Only the lines below starting at the one that contains "X148.463Y-68.809" and ending at the one that contains "X152.827Y-59.441" are to be reproduced, exactly and with both ends kept.

*** Opening of Records for the exercise ***

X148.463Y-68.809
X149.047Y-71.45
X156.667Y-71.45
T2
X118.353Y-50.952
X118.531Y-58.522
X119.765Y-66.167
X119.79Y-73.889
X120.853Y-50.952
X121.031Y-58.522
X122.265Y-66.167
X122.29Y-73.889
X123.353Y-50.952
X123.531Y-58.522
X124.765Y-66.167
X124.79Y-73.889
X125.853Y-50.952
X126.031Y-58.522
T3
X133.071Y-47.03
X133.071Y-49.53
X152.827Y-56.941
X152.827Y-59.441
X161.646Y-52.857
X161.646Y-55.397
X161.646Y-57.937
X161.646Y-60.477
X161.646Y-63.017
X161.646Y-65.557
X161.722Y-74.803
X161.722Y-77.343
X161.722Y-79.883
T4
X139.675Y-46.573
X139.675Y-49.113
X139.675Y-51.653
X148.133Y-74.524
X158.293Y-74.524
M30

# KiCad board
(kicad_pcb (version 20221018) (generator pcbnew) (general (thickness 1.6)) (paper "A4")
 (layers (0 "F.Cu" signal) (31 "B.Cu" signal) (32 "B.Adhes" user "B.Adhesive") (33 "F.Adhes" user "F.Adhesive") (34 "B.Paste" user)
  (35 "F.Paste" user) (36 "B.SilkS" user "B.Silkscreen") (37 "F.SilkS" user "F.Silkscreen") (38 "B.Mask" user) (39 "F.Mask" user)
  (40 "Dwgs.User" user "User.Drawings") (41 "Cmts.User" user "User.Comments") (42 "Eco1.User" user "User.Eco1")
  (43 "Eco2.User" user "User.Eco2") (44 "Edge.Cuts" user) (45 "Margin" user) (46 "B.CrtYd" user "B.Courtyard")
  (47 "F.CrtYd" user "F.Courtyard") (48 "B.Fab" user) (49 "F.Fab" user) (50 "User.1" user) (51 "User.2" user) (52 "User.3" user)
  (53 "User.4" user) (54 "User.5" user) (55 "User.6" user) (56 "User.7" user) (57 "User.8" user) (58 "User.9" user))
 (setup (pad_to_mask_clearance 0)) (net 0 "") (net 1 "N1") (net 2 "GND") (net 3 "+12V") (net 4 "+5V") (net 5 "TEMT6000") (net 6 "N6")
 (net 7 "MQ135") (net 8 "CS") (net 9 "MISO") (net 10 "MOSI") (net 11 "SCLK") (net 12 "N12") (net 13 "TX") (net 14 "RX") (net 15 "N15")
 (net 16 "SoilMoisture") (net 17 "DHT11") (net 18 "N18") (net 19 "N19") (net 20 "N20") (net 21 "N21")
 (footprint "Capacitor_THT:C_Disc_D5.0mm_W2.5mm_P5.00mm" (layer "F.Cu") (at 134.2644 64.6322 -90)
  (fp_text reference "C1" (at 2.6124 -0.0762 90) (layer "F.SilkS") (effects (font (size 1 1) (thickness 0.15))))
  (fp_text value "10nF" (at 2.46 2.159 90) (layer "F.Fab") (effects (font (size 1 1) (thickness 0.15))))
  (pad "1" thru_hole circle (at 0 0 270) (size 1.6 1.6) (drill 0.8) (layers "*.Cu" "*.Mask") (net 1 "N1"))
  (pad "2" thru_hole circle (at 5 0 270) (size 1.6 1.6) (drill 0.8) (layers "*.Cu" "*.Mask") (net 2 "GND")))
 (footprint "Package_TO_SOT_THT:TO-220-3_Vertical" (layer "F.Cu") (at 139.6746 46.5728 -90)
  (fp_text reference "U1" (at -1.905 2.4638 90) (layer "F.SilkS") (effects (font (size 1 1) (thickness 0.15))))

*** Close of Records for the exercise ***
*** Opening of Records for the exercise ***

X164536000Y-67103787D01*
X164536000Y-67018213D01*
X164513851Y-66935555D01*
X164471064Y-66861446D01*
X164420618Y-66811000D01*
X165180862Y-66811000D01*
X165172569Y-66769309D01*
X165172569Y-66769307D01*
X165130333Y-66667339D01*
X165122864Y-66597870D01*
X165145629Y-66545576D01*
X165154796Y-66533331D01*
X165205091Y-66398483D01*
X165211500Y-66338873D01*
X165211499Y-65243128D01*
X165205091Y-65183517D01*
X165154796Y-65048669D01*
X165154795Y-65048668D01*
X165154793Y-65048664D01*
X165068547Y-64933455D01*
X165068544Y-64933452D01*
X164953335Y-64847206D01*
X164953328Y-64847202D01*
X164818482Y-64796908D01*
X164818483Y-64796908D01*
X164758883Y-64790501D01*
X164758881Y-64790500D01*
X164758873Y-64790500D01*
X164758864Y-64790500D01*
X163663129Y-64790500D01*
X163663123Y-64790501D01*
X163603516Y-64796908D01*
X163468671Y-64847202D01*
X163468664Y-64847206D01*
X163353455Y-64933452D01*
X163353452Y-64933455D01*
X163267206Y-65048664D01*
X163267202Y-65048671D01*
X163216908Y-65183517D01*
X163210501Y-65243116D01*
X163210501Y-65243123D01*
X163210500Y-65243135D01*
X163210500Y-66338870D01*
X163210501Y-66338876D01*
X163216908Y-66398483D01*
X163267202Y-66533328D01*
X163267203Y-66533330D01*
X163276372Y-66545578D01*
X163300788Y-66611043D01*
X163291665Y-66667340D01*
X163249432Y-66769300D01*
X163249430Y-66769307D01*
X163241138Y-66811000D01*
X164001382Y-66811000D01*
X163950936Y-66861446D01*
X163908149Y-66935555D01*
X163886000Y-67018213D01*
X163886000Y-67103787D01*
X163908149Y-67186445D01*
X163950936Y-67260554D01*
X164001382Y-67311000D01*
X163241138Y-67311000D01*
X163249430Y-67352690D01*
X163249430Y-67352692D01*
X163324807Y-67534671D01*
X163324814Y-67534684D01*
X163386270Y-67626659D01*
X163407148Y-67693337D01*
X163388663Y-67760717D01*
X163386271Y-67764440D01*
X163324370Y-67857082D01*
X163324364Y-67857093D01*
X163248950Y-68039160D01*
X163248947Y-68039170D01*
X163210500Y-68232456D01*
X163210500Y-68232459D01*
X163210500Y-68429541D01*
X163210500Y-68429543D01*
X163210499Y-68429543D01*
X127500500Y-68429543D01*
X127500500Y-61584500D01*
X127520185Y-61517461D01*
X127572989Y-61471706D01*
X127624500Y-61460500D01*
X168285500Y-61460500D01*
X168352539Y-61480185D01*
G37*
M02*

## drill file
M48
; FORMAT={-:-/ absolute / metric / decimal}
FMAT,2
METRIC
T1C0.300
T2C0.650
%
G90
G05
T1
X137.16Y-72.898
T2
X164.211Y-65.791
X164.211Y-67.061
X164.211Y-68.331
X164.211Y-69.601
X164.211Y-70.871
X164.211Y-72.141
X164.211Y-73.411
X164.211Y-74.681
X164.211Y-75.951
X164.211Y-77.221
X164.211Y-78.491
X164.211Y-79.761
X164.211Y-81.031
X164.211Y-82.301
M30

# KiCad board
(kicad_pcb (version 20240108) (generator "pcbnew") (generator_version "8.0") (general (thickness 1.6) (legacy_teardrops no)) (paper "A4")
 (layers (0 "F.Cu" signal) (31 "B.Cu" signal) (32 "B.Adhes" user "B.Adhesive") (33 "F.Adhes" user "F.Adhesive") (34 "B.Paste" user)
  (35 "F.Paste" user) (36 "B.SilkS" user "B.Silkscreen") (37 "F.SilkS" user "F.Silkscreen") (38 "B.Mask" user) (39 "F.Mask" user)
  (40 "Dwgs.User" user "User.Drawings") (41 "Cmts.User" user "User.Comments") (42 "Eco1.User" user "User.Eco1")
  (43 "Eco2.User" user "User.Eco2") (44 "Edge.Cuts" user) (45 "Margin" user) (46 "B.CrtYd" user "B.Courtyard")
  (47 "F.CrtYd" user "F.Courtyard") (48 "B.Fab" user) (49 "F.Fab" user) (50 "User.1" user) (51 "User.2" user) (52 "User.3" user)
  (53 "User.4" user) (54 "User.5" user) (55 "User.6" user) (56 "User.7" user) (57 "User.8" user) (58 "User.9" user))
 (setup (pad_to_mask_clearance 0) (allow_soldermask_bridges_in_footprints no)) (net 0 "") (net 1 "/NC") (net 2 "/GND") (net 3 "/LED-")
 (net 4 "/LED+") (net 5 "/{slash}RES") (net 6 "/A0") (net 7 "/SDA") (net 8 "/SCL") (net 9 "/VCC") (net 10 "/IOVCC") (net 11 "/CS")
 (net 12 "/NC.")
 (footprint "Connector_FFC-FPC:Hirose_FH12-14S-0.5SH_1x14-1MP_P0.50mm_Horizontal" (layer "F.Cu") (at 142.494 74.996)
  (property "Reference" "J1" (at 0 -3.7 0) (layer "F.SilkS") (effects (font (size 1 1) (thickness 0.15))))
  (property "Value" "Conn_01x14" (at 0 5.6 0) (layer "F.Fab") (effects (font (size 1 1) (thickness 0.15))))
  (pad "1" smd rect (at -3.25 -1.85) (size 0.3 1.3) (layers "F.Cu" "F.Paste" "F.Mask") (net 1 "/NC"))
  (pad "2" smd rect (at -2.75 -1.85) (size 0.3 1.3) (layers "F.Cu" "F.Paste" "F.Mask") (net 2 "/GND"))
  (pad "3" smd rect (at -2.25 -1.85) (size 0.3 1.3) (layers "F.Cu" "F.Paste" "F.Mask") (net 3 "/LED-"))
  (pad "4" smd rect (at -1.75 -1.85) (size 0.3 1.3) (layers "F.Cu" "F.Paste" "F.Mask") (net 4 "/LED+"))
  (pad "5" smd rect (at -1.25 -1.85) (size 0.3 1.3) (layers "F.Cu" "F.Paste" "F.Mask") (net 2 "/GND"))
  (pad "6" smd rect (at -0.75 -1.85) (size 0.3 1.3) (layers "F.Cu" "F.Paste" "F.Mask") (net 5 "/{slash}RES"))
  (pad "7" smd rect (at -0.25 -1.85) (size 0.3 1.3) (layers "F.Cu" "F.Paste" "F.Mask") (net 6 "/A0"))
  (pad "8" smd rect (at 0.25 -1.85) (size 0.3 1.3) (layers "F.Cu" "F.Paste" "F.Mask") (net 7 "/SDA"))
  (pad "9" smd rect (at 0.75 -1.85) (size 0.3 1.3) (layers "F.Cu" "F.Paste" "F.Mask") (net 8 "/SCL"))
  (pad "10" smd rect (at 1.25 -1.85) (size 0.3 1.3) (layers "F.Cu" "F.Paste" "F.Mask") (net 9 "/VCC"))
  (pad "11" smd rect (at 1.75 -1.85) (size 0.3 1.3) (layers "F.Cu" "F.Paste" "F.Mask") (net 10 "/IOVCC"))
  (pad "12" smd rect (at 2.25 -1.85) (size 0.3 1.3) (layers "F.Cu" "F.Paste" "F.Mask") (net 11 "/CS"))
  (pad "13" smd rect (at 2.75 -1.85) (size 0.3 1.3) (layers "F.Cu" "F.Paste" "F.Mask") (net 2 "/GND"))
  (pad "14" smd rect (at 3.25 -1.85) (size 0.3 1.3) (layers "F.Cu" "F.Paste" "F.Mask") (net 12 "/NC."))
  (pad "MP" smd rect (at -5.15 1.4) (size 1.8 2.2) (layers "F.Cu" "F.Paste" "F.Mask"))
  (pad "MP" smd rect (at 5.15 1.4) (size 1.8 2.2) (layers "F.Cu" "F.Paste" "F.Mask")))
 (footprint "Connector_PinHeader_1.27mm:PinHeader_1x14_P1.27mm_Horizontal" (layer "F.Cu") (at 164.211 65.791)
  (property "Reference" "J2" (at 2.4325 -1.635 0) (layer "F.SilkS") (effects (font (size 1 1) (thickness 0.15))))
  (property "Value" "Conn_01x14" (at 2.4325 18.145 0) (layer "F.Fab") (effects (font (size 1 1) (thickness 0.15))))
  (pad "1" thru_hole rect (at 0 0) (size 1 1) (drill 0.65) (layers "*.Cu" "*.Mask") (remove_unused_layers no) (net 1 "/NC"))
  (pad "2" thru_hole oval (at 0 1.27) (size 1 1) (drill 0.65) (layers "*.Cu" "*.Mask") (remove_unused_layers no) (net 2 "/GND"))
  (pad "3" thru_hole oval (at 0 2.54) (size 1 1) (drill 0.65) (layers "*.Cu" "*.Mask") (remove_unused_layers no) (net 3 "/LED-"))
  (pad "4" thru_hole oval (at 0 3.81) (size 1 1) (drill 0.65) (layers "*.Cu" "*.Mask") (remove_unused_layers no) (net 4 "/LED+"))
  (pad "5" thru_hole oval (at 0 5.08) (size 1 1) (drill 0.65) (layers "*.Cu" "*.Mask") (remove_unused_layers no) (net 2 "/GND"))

*** Close of Records for the exercise ***

### Solved problem
X148.463Y-68.809
X149.047Y-71.45
X156.667Y-71.45
T2
X118.353Y-50.952
X118.531Y-58.522
X119.765Y-66.167
X119.79Y-73.889
X120.853Y-50.952
X121.031Y-58.522
X122.265Y-66.167
X122.29Y-73.889
X123.353Y-50.952
X123.531Y-58.522
X124.765Y-66.167
X124.79Y-73.889
X125.853Y-50.952
X126.031Y-58.522
T3
X133.071Y-47.03
X133.071Y-49.53
X152.827Y-56.941
X152.827Y-59.441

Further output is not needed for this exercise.